El otro día, en una entrevista que hacían a Rafaela Chounavelle, Presidenta de ACPACYS, lo explicaba a la perfección. Que los padres de niños con alguna discapacidad o diversidad funcional no somos egoístas, que por supuesto que queremos compartir esos juegos con los demás niños, pero que han de entender por qué ese columpio o aquel tobogán son especialmente distintos a los que acostumbra ver y que hay que hacer un ejercicio de solidaridad para lograr que nuestros hijos encuentren un hueco en sociedad de la forma más natural posible.

Precisamente, por culpa de su mamá, Gonzalo crezca con una escasez de valores, que le va a costar mucho más entender y asumir con el paso de los años, aunque confiamos que acabe haciéndolo.
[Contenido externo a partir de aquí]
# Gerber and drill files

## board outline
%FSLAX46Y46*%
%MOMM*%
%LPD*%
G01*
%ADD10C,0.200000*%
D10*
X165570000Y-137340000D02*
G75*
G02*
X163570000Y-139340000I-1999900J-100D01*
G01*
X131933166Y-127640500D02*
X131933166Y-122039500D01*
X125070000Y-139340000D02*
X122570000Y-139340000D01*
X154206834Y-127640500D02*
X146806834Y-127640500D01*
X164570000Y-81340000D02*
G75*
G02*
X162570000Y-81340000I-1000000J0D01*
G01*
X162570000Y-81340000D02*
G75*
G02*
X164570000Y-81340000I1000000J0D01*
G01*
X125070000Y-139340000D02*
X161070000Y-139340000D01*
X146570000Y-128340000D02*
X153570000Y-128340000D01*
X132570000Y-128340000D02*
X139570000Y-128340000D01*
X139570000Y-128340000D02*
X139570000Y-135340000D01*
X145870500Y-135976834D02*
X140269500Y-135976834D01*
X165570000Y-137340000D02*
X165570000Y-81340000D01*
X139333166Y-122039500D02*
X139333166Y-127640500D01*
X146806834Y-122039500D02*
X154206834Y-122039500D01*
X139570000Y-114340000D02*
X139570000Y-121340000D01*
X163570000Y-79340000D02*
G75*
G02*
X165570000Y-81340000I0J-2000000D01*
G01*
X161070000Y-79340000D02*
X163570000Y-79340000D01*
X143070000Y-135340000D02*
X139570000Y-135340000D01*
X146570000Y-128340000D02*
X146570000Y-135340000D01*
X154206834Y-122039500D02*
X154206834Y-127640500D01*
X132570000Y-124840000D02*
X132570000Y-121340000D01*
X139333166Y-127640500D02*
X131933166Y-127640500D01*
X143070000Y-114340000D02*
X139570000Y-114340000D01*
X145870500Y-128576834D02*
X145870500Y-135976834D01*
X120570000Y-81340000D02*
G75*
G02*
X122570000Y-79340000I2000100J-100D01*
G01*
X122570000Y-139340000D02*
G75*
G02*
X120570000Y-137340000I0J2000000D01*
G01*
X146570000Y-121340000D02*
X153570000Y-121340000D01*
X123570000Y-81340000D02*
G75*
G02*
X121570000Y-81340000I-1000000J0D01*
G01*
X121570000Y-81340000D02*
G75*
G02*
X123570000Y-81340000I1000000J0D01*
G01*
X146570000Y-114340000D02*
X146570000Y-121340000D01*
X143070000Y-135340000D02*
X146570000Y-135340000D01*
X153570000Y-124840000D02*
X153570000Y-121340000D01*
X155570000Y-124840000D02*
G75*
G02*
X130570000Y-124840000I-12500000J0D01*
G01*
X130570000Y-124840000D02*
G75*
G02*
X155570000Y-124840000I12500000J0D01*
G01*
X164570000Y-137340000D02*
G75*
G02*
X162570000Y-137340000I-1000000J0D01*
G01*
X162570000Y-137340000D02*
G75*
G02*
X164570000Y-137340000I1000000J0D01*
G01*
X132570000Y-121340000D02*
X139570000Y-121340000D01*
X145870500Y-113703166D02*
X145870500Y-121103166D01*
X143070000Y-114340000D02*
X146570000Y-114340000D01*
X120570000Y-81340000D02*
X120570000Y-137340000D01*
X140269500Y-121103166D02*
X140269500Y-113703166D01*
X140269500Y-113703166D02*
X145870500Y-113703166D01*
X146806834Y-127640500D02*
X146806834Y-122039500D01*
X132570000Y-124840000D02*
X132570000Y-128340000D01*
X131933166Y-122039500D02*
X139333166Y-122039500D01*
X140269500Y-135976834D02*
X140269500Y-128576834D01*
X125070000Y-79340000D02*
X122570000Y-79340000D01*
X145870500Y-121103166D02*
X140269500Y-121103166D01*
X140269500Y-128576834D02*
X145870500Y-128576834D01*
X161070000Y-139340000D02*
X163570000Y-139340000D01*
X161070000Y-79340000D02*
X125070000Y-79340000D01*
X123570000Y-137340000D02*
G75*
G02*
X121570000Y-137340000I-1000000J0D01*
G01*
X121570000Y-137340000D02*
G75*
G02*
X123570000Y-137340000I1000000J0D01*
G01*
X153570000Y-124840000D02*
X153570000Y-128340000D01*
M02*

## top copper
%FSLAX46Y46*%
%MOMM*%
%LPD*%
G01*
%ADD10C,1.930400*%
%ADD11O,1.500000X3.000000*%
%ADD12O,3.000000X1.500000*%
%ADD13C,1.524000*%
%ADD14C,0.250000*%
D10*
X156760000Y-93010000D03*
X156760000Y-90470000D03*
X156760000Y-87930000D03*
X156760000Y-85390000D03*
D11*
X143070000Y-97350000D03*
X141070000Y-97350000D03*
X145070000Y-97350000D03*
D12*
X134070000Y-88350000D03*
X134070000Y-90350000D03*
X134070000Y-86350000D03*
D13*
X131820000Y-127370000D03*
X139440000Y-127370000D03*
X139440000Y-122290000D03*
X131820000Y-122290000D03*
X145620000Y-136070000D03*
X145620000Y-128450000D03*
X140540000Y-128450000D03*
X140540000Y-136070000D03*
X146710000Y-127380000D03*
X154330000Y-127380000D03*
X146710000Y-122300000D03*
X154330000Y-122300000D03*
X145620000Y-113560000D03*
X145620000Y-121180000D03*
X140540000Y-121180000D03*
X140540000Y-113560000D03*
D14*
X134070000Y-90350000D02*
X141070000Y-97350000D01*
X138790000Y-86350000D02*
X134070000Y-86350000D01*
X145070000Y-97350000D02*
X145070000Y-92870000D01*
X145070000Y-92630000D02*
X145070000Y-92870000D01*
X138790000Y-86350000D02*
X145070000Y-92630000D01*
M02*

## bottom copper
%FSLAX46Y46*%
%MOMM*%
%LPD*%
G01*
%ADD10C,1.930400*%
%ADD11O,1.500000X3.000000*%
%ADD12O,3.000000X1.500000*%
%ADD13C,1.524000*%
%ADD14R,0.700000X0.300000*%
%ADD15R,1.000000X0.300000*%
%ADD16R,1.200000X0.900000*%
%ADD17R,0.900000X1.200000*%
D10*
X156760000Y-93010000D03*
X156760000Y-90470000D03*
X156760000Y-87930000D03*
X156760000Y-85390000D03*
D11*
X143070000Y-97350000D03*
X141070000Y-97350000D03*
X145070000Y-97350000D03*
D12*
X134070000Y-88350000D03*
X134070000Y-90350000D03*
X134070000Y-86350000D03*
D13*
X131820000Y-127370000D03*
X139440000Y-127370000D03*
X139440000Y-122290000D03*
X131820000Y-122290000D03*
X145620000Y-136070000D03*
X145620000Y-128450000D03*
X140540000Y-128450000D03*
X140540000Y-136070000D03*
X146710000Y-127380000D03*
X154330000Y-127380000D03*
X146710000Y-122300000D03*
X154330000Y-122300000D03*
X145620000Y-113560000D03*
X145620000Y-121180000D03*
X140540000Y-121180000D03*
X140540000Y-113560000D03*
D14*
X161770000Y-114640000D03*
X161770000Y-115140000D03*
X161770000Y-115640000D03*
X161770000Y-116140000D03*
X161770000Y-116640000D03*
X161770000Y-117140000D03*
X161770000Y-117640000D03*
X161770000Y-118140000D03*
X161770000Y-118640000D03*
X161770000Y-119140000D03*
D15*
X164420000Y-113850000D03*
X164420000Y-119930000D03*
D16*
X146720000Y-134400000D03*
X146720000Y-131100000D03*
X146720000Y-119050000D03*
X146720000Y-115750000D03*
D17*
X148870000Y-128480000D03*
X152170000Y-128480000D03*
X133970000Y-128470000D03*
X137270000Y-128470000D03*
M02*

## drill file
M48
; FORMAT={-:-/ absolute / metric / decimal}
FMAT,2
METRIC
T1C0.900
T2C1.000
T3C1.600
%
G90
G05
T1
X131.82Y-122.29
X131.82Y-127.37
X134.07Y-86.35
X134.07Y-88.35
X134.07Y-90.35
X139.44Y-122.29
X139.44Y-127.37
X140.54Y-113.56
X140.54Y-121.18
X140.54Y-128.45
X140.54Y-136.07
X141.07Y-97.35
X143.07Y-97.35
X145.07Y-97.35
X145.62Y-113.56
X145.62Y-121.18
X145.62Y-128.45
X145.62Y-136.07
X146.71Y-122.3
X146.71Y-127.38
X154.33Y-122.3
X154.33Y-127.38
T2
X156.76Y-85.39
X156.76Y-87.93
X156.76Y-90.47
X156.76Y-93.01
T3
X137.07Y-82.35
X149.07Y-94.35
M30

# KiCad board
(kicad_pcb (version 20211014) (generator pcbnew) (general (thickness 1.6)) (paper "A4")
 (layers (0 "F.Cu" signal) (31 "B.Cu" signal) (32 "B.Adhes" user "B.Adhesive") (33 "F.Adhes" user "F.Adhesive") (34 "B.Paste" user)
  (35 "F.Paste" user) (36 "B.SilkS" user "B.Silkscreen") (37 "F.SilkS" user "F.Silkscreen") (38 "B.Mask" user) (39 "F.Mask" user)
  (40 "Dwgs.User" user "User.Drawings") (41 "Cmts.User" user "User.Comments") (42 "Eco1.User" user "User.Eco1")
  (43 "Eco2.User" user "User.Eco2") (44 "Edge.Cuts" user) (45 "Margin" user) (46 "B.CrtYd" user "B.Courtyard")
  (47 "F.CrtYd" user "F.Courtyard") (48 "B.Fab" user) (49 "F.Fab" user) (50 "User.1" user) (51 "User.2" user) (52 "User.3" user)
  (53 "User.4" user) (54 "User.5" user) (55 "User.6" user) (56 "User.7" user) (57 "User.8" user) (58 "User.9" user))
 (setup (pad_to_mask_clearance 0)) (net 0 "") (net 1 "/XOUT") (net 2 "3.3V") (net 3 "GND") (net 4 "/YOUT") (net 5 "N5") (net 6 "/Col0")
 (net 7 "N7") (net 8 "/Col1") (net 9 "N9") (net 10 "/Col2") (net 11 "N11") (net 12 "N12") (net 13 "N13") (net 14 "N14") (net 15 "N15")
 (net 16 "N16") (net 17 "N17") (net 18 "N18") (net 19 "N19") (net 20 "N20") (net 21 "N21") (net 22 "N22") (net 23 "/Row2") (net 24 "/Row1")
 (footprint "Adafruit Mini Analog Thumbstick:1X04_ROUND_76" (layer "F.Cu") (at 156.76 89.2 90)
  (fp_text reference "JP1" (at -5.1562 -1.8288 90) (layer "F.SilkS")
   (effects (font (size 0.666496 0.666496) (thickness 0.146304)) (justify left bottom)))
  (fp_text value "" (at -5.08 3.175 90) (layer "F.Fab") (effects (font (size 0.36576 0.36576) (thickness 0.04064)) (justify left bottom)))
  (pad "1" thru_hole circle (at -3.81 0 180) (size 1.9304 1.9304) (drill 1) (layers *.Cu *.Mask) (solder_mask_margin 0.0508))
  (pad "2" thru_hole circle (at -1.27 0 180) (size 1.9304 1.9304) (drill 1) (layers *.Cu *.Mask) (solder_mask_margin 0.0508))
  (pad "3" thru_hole circle (at 1.27 0 180) (size 1.9304 1.9304) (drill 1) (layers *.Cu *.Mask) (solder_mask_margin 0.0508))
  (pad "4" thru_hole circle (at 3.81 0 180) (size 1.9304 1.9304) (drill 1) (layers *.Cu *.Mask) (solder_mask_margin 0.0508)))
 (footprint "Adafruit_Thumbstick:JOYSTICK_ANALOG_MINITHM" (layer "F.Cu") (at 143.07 88.35 180)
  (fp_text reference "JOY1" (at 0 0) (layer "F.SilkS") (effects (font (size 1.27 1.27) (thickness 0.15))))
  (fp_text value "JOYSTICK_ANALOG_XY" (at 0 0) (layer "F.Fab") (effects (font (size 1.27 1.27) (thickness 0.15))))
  (pad "" np_thru_hole circle (at -6 -6 180) (size 1.6 1.6) (drill 1.6) (layers *.Cu *.Mask))
  (pad "" np_thru_hole circle (at 6 6 180) (size 1.6 1.6) (drill 1.6) (layers *.Cu *.Mask))
  (pad "X" thru_hole oval (at 0 -9 270) (size 3 1.5) (drill 0.9) (layers *.Cu *.Mask) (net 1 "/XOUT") (solder_mask_margin 0.0508))
  (pad "X+" thru_hole oval (at 2 -9 270) (size 3 1.5) (drill 0.9) (layers *.Cu *.Mask) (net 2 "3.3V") (solder_mask_margin 0.0508))
  (pad "X-" thru_hole oval (at -2 -9 270) (size 3 1.5) (drill 0.9) (layers *.Cu *.Mask) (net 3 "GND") (solder_mask_margin 0.0508))
  (pad "Y" thru_hole oval (at 9 0 180) (size 3 1.5) (drill 0.9) (layers *.Cu *.Mask) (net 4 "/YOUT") (solder_mask_margin 0.0508))
  (pad "Y+" thru_hole oval (at 9 -2 180) (size 3 1.5) (drill 0.9) (layers *.Cu *.Mask) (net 2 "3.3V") (solder_mask_margin 0.0508))
  (pad "Y-" thru_hole oval (at 9 2 180) (size 3 1.5) (drill 0.9) (layers *.Cu *.Mask) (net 3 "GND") (solder_mask_margin 0.0508)))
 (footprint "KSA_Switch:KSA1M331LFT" (layer "F.Cu") (at 135.63 124.83 90)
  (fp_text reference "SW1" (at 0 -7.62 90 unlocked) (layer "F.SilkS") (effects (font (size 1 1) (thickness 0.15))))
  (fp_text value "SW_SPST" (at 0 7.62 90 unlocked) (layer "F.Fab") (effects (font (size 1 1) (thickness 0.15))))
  (pad "1" thru_hole circle (at -2.54 -3.81 90) (size 1.524 1.524) (drill 0.9) (layers *.Cu *.Mask) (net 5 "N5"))
  (pad "1" thru_hole circle (at -2.54 3.81 90) (size 1.524 1.524) (drill 0.9) (layers *.Cu *.Mask) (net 5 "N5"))
  (pad "2" thru_hole circle (at 2.54 3.81 90) (size 1.524 1.524) (drill 0.9) (layers *.Cu *.Mask) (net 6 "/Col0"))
Yo sí que aproveché la ocasión para explicar a mi otra hija, de siete años, por qué estuvo mal ese comportamiento.

En fin, viniendo del mundo de donde vengo, de carencias funcionales, no puedo más que compadecerme de Gonzalo, porque el otro día me pareció que a su mamá, más que seguramente, le falte algo importante: la razón o el corazón.